Per questo vi invito, se ancora non l'avete fatto, di recarvi testè nel sito di Aifb dove parla del Calendario del cibo, di mettervi comodi e di dedicare parte di una vostra giornata alla lettura di quanto è stato raccontato sul cibo di strada ed immediatamente verrete trasportati in quei vicoli e in quelle calli che le nostre città, grandi e piccole che siano, custodiscono ancora con amore e con lo stesso amore sanno restituire un po' di passato incartato nella carta paglia di un gustoso presente.
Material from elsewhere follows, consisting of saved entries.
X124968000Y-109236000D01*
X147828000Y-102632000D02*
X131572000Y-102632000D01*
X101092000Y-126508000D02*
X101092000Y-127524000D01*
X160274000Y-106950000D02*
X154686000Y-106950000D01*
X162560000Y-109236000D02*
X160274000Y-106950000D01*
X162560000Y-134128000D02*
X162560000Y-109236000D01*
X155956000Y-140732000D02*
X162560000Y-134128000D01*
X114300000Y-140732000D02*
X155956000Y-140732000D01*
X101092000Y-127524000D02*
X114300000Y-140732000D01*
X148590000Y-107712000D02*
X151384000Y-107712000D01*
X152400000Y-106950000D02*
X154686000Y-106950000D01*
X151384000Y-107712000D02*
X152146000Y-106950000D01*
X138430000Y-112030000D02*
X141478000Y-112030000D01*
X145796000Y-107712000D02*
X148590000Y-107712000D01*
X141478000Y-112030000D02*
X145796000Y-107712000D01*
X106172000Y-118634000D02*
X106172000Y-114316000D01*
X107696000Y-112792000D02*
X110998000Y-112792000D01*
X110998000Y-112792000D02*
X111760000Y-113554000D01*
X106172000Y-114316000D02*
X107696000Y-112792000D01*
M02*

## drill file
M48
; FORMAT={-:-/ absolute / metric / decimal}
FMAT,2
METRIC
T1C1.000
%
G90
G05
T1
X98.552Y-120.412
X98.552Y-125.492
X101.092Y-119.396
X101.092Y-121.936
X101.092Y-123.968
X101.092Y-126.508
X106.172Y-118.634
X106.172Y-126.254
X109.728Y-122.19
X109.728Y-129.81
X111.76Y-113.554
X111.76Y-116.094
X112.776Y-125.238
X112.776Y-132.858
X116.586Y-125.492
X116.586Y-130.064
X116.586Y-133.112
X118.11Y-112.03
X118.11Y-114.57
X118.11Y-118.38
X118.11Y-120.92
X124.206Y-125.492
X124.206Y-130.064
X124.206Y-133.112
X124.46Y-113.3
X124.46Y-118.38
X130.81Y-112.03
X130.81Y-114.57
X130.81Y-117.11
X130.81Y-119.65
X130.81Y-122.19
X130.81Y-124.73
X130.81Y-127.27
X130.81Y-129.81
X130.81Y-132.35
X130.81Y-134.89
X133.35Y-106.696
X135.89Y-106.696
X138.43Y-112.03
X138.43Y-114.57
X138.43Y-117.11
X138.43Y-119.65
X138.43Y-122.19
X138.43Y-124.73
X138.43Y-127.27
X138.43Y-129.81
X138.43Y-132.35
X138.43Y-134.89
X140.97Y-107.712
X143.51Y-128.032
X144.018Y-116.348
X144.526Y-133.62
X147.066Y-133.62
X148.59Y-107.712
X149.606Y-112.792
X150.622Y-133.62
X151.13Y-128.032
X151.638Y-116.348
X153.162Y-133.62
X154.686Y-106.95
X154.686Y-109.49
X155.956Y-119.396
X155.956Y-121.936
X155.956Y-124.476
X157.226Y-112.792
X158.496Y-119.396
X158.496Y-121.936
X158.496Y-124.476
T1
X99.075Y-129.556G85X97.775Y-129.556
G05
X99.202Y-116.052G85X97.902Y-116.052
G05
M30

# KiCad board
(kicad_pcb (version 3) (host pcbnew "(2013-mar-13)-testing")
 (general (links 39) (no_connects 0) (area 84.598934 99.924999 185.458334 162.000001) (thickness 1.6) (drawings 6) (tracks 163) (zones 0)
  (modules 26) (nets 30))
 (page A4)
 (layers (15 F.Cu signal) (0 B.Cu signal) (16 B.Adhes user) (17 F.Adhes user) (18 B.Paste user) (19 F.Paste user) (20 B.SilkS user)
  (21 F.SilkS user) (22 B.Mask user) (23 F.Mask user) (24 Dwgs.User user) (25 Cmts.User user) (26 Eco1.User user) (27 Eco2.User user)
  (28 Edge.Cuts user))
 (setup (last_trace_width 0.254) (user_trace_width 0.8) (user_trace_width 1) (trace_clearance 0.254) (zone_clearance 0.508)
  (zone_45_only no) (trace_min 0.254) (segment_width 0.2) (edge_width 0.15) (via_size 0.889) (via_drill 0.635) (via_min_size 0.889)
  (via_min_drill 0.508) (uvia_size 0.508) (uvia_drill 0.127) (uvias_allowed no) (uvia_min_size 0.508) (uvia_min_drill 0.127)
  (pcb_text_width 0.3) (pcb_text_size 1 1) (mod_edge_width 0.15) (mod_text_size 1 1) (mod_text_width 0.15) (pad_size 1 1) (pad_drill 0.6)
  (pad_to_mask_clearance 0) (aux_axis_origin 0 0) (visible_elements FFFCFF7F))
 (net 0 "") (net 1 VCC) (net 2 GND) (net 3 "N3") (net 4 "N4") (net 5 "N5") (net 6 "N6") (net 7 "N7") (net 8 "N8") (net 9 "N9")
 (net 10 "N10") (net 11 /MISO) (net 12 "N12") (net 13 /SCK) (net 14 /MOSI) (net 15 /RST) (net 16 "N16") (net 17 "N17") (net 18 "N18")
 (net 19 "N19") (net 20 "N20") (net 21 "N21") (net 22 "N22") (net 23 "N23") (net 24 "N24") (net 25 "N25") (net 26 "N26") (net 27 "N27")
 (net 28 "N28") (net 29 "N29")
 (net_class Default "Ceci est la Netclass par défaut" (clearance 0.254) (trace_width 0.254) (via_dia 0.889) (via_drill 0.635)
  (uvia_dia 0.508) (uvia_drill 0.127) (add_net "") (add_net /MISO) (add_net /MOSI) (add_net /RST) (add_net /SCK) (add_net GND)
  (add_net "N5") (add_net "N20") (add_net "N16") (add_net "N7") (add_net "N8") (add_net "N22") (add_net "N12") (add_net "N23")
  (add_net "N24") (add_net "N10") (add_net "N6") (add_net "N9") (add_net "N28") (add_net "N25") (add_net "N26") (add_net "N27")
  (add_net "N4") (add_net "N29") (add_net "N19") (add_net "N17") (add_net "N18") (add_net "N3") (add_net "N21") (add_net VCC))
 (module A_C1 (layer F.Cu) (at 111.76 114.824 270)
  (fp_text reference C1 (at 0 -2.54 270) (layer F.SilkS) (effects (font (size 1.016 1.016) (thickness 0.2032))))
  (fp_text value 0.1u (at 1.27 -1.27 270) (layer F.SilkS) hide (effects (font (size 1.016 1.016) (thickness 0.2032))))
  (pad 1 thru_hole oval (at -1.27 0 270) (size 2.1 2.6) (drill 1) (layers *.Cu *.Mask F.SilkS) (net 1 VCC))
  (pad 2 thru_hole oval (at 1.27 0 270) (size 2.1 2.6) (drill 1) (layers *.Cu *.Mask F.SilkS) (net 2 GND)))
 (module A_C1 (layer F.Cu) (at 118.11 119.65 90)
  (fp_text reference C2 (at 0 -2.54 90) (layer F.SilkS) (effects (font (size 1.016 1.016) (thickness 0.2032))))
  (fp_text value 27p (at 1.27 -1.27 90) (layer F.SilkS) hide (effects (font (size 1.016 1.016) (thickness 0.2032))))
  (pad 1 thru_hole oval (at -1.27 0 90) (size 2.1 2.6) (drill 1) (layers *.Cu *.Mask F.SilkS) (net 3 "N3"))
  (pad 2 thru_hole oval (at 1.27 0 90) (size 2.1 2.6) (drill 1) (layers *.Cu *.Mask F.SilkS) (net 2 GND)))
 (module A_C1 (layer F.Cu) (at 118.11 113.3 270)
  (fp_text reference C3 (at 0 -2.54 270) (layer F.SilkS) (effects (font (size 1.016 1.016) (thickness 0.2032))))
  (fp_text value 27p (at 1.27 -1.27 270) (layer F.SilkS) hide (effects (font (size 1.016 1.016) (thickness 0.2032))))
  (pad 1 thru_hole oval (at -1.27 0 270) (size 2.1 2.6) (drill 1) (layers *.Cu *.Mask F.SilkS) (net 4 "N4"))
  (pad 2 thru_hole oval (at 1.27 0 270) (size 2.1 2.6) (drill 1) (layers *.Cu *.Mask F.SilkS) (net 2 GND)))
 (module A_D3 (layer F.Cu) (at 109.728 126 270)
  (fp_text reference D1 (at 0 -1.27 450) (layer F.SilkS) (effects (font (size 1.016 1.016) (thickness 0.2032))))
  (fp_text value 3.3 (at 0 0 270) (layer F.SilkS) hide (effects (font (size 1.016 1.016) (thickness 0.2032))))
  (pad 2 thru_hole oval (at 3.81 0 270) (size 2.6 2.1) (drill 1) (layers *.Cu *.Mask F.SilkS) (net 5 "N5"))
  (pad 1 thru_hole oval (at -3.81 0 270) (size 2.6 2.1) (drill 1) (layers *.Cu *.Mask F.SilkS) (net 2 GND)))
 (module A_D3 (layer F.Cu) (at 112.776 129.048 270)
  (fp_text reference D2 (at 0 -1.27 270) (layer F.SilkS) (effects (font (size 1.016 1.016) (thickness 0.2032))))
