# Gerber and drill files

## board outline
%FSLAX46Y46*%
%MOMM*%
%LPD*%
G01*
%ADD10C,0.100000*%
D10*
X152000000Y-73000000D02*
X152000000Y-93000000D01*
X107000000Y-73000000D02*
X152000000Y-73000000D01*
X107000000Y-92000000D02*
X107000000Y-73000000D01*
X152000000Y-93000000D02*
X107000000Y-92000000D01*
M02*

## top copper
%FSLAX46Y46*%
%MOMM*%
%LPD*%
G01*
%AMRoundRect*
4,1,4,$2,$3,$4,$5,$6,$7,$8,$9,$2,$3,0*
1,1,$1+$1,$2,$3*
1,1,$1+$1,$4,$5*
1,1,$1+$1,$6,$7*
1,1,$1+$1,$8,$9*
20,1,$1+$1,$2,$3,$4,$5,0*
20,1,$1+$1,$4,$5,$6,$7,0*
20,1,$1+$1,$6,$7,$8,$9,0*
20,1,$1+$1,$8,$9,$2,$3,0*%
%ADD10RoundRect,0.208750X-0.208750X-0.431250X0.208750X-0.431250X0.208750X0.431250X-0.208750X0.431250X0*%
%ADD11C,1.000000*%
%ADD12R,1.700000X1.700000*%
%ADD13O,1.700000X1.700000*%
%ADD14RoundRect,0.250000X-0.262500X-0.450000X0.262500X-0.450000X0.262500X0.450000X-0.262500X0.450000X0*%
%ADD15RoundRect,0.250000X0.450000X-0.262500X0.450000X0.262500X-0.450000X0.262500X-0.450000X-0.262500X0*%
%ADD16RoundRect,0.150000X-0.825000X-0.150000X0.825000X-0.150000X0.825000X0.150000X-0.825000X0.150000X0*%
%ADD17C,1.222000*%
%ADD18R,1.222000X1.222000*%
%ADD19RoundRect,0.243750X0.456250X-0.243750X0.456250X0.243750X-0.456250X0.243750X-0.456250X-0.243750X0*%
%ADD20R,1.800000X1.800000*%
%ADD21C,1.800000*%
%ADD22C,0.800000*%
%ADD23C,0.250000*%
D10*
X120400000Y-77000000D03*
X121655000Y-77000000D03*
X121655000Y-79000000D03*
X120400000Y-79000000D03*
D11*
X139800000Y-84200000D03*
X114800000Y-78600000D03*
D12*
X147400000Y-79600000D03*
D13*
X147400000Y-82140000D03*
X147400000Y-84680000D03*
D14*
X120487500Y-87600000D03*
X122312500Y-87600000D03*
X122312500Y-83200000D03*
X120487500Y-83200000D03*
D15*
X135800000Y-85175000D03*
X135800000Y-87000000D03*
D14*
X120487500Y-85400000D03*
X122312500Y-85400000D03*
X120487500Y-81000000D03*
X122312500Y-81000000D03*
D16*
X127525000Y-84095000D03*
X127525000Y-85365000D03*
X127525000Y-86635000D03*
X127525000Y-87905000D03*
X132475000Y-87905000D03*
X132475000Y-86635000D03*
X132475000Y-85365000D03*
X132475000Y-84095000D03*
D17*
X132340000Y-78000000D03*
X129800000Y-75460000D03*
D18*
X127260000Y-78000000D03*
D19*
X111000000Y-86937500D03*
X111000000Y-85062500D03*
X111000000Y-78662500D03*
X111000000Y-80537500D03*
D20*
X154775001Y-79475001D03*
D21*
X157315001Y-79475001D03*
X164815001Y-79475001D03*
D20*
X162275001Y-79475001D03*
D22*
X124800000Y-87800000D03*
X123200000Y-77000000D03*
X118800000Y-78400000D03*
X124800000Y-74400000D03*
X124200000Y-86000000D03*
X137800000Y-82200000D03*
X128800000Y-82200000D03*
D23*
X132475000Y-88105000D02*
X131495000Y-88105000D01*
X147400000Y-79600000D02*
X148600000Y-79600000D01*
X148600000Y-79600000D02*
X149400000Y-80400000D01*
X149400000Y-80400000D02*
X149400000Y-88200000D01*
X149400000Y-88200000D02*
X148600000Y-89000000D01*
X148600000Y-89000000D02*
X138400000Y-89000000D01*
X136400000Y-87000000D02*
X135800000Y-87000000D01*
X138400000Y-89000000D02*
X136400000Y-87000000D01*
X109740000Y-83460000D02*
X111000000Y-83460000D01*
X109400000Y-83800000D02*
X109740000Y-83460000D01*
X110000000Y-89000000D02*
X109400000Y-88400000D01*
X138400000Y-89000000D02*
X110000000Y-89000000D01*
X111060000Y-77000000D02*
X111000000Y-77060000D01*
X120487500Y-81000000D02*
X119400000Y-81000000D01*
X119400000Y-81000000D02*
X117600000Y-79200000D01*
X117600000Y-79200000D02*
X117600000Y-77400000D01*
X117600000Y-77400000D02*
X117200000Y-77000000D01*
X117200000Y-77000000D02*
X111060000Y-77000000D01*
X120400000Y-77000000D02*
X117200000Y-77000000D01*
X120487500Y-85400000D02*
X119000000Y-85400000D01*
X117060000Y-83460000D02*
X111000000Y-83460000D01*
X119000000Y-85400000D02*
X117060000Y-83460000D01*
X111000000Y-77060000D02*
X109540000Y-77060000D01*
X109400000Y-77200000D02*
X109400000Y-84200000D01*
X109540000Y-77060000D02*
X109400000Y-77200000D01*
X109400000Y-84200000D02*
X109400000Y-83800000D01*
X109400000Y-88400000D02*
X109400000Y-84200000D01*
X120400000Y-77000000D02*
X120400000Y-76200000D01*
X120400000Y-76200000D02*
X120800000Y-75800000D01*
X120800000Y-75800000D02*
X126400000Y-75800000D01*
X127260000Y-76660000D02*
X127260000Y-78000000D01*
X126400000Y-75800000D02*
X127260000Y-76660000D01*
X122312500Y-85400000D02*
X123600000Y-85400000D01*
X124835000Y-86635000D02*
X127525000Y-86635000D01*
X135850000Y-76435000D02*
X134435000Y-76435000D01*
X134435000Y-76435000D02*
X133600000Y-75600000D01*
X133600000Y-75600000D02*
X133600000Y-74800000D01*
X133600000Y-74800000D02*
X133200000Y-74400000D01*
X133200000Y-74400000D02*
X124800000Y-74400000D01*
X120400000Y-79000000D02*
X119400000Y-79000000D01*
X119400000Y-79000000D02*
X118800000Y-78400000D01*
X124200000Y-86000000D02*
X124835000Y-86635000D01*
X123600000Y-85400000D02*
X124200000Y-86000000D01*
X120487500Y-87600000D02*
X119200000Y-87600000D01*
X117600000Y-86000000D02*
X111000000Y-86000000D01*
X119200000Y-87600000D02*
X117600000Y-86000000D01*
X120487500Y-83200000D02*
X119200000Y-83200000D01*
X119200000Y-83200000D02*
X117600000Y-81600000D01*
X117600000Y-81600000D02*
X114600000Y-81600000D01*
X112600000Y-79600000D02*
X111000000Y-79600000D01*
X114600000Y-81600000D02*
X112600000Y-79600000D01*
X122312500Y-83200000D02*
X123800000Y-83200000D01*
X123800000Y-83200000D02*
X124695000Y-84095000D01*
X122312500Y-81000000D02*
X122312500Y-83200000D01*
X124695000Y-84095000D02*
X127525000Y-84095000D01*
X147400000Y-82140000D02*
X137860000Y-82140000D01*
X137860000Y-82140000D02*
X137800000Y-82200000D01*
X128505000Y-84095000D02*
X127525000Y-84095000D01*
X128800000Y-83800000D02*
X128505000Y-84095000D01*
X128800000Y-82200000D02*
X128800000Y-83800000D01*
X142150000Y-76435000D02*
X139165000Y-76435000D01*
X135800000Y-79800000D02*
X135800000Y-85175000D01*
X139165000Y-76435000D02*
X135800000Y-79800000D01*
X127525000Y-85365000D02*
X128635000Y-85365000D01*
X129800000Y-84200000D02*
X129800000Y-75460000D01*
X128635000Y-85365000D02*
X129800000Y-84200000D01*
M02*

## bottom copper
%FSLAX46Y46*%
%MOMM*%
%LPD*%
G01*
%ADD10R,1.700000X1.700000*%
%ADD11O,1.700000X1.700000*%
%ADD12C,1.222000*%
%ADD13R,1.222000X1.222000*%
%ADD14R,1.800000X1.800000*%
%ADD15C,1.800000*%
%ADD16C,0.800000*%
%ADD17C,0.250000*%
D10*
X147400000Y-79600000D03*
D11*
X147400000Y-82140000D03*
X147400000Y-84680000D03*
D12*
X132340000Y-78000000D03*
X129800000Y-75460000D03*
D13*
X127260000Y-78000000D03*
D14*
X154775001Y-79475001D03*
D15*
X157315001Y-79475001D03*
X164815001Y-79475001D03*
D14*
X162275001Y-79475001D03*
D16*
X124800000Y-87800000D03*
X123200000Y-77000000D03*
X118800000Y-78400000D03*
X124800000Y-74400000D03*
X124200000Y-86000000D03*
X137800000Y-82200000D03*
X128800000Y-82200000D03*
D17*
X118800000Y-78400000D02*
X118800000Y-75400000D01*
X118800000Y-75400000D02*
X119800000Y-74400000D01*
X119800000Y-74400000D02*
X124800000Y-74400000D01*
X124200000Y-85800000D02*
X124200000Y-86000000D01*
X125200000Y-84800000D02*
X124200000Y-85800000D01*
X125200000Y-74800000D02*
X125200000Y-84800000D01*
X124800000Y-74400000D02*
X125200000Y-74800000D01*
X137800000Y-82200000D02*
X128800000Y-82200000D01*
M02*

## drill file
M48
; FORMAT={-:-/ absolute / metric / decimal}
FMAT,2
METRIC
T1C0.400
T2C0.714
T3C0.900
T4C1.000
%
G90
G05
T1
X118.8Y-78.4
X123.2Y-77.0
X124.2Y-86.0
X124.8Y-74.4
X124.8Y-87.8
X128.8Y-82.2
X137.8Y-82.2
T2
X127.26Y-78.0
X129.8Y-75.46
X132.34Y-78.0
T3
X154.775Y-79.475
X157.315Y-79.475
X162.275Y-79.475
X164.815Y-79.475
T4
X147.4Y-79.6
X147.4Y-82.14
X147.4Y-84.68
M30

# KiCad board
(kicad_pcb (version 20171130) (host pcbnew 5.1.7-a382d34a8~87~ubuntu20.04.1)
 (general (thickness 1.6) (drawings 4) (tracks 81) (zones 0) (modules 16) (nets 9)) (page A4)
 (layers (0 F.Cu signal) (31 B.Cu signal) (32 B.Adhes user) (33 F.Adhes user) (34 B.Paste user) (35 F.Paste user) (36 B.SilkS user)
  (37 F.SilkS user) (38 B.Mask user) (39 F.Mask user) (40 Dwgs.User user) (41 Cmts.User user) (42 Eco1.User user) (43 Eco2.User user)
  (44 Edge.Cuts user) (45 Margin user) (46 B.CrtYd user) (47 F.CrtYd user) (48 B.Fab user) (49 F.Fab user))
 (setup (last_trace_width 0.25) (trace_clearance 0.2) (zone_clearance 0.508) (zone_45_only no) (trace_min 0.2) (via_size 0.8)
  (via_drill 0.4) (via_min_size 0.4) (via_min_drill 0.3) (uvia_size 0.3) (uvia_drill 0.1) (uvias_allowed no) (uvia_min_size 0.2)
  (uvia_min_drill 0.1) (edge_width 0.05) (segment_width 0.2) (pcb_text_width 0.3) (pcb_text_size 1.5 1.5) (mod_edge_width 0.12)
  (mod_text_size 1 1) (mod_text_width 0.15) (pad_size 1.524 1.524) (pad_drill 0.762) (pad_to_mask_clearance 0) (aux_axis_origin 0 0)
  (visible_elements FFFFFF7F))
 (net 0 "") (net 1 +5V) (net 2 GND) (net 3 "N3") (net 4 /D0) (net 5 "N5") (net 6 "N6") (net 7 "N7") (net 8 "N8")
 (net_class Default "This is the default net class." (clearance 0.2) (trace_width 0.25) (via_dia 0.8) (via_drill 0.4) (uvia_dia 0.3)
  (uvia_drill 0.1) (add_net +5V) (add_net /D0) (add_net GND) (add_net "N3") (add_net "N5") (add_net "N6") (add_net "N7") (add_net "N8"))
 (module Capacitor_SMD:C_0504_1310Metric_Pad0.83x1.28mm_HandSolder (layer F.Cu) (at 121.0275 77)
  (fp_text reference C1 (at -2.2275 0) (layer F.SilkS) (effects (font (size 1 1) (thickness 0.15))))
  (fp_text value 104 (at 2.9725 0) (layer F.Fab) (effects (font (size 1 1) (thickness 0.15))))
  (pad 1 smd roundrect (at -0.6275 0) (size 0.835 1.28) (layers F.Cu F.Paste F.Mask) (roundrect_rratio 0.25) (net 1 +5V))
  (pad 2 smd roundrect (at 0.6275 0) (size 0.835 1.28) (layers F.Cu F.Paste F.Mask) (roundrect_rratio 0.25) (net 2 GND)))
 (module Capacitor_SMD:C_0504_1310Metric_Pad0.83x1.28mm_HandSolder (layer F.Cu) (at 121.0275 79)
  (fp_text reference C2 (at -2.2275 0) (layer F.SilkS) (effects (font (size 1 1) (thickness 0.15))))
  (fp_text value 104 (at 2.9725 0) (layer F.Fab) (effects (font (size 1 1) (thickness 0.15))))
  (pad 2 smd roundrect (at 0.6275 0) (size 0.835 1.28) (layers F.Cu F.Paste F.Mask) (roundrect_rratio 0.25) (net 2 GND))
  (pad 1 smd roundrect (at -0.6275 0) (size 0.835 1.28) (layers F.Cu F.Paste F.Mask) (roundrect_rratio 0.25) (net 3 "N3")))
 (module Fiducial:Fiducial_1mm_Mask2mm (layer F.Cu) (at 139.8 84.2)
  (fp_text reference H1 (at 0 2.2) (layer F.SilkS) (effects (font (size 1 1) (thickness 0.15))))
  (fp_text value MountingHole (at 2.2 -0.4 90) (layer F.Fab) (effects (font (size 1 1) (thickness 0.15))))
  (pad "" smd circle (at 0 0) (size 1 1) (layers F.Cu F.Mask) (solder_mask_margin 0.5) (clearance 0.5)))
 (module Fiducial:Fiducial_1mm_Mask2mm (layer F.Cu) (at 114.8 78.6)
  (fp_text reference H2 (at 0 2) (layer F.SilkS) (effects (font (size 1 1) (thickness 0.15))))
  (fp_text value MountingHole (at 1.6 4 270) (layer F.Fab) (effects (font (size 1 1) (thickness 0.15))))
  (pad "" smd circle (at 0 0) (size 1 1) (layers F.Cu F.Mask) (solder_mask_margin 0.5) (clearance 0.5)))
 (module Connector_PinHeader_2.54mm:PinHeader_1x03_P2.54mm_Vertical (layer F.Cu) (at 147.4 79.6)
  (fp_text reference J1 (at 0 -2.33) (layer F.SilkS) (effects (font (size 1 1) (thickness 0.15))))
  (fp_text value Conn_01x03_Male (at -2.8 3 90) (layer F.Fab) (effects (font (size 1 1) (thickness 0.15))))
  (pad 1 thru_hole rect (at 0 0) (size 1.7 1.7) (drill 1) (layers *.Cu *.Mask) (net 1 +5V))
  (pad 2 thru_hole oval (at 0 2.54) (size 1.7 1.7) (drill 1) (layers *.Cu *.Mask) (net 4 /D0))
  (pad 3 thru_hole oval (at 0 5.08) (size 1.7 1.7) (drill 1) (layers *.Cu *.Mask) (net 2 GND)))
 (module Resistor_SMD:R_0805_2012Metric (layer F.Cu) (at 121.4 87.6)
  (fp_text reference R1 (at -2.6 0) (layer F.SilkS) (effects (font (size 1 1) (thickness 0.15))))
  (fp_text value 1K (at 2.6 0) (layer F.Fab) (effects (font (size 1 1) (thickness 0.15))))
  (pad 1 smd roundrect (at -0.9125 0) (size 1.025 1.4) (layers F.Cu F.Paste F.Mask) (roundrect_rratio 0.243902) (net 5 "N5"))
  (pad 2 smd roundrect (at 0.9125 0) (size 1.025 1.4) (layers F.Cu F.Paste F.Mask) (roundrect_rratio 0.243902) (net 2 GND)))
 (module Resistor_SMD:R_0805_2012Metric (layer F.Cu) (at 121.4 83.2)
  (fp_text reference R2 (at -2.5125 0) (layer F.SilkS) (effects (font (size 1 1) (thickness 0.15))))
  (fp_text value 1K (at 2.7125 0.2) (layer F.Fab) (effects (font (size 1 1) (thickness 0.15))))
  (pad 2 smd roundrect (at 0.9125 0) (size 1.025 1.4) (layers F.Cu F.Paste F.Mask) (roundrect_rratio 0.243902) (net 4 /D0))
  (pad 1 smd roundrect (at -0.9125 0) (size 1.025 1.4) (layers F.Cu F.Paste F.Mask) (roundrect_rratio 0.243902) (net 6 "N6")))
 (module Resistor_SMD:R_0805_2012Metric (layer F.Cu) (at 135.8 86.0875 90)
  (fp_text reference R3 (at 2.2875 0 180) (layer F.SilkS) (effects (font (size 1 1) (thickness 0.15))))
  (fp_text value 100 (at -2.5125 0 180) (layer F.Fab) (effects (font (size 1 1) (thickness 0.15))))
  (pad 2 smd roundrect (at 0.9125 0 90) (size 1.025 1.4) (layers F.Cu F.Paste F.Mask) (roundrect_rratio 0.243902) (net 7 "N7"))
  (pad 1 smd roundrect (at -0.9125 0 90) (size 1.025 1.4) (layers F.Cu F.Paste F.Mask) (roundrect_rratio 0.243902) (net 1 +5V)))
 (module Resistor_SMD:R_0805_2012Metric (layer F.Cu) (at 121.4 85.4)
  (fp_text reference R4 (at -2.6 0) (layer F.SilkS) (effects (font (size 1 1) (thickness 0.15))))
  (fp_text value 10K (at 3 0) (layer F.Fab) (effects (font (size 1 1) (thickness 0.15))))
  (pad 1 smd roundrect (at -0.9125 0) (size 1.025 1.4) (layers F.Cu F.Paste F.Mask) (roundrect_rratio 0.243902) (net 1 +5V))
  (pad 2 smd roundrect (at 0.9125 0) (size 1.025 1.4) (layers F.Cu F.Paste F.Mask) (roundrect_rratio 0.243902) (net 3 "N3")))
Scrivo questo post per ringraziare tutti coloro che hanno contribuito a rendere così unico un "cibo" che, come purtroppo spesso accade, travolto com'è dagli inglesismi, rischia di venirne anche stravolto e snaturato. 
Perché, vedete, il cibo di strada non è street food, non è il gastrofighettismo che per un fine settimana diventa ruspante, non è la riscoperta di antichi sapori né la valorizzazione di riti e ritmi antichi. Il cibo di strada è stato e fortunatamente continua ad essere tutto ciò, senza la necessità di creargli tanti eventi attorno.
Ripeto, se volete davvero ri-scoprire, perché nel frattempo tutto l'ambaradam della "cucina dei senza" vi ha un po' confuso le idee, tuffatevi nei post scritti da associati che hanno il dono di avere ancora mani curiose e papille gustative da appagare, che si sono cimentati in post a quattro mani pur vivendo a centinaia di chilometri di distanza, che hanno intervistato chi quotidianamente offre cibo di strada e tanta felicità, che si sono cimentati nella preparazione di piatti non propriamente consueti, che ci hanno regalato degli street food tour (eh, si qui ho ceduto anch'io all'inglesismo!) da seguire ad occhi chiusi.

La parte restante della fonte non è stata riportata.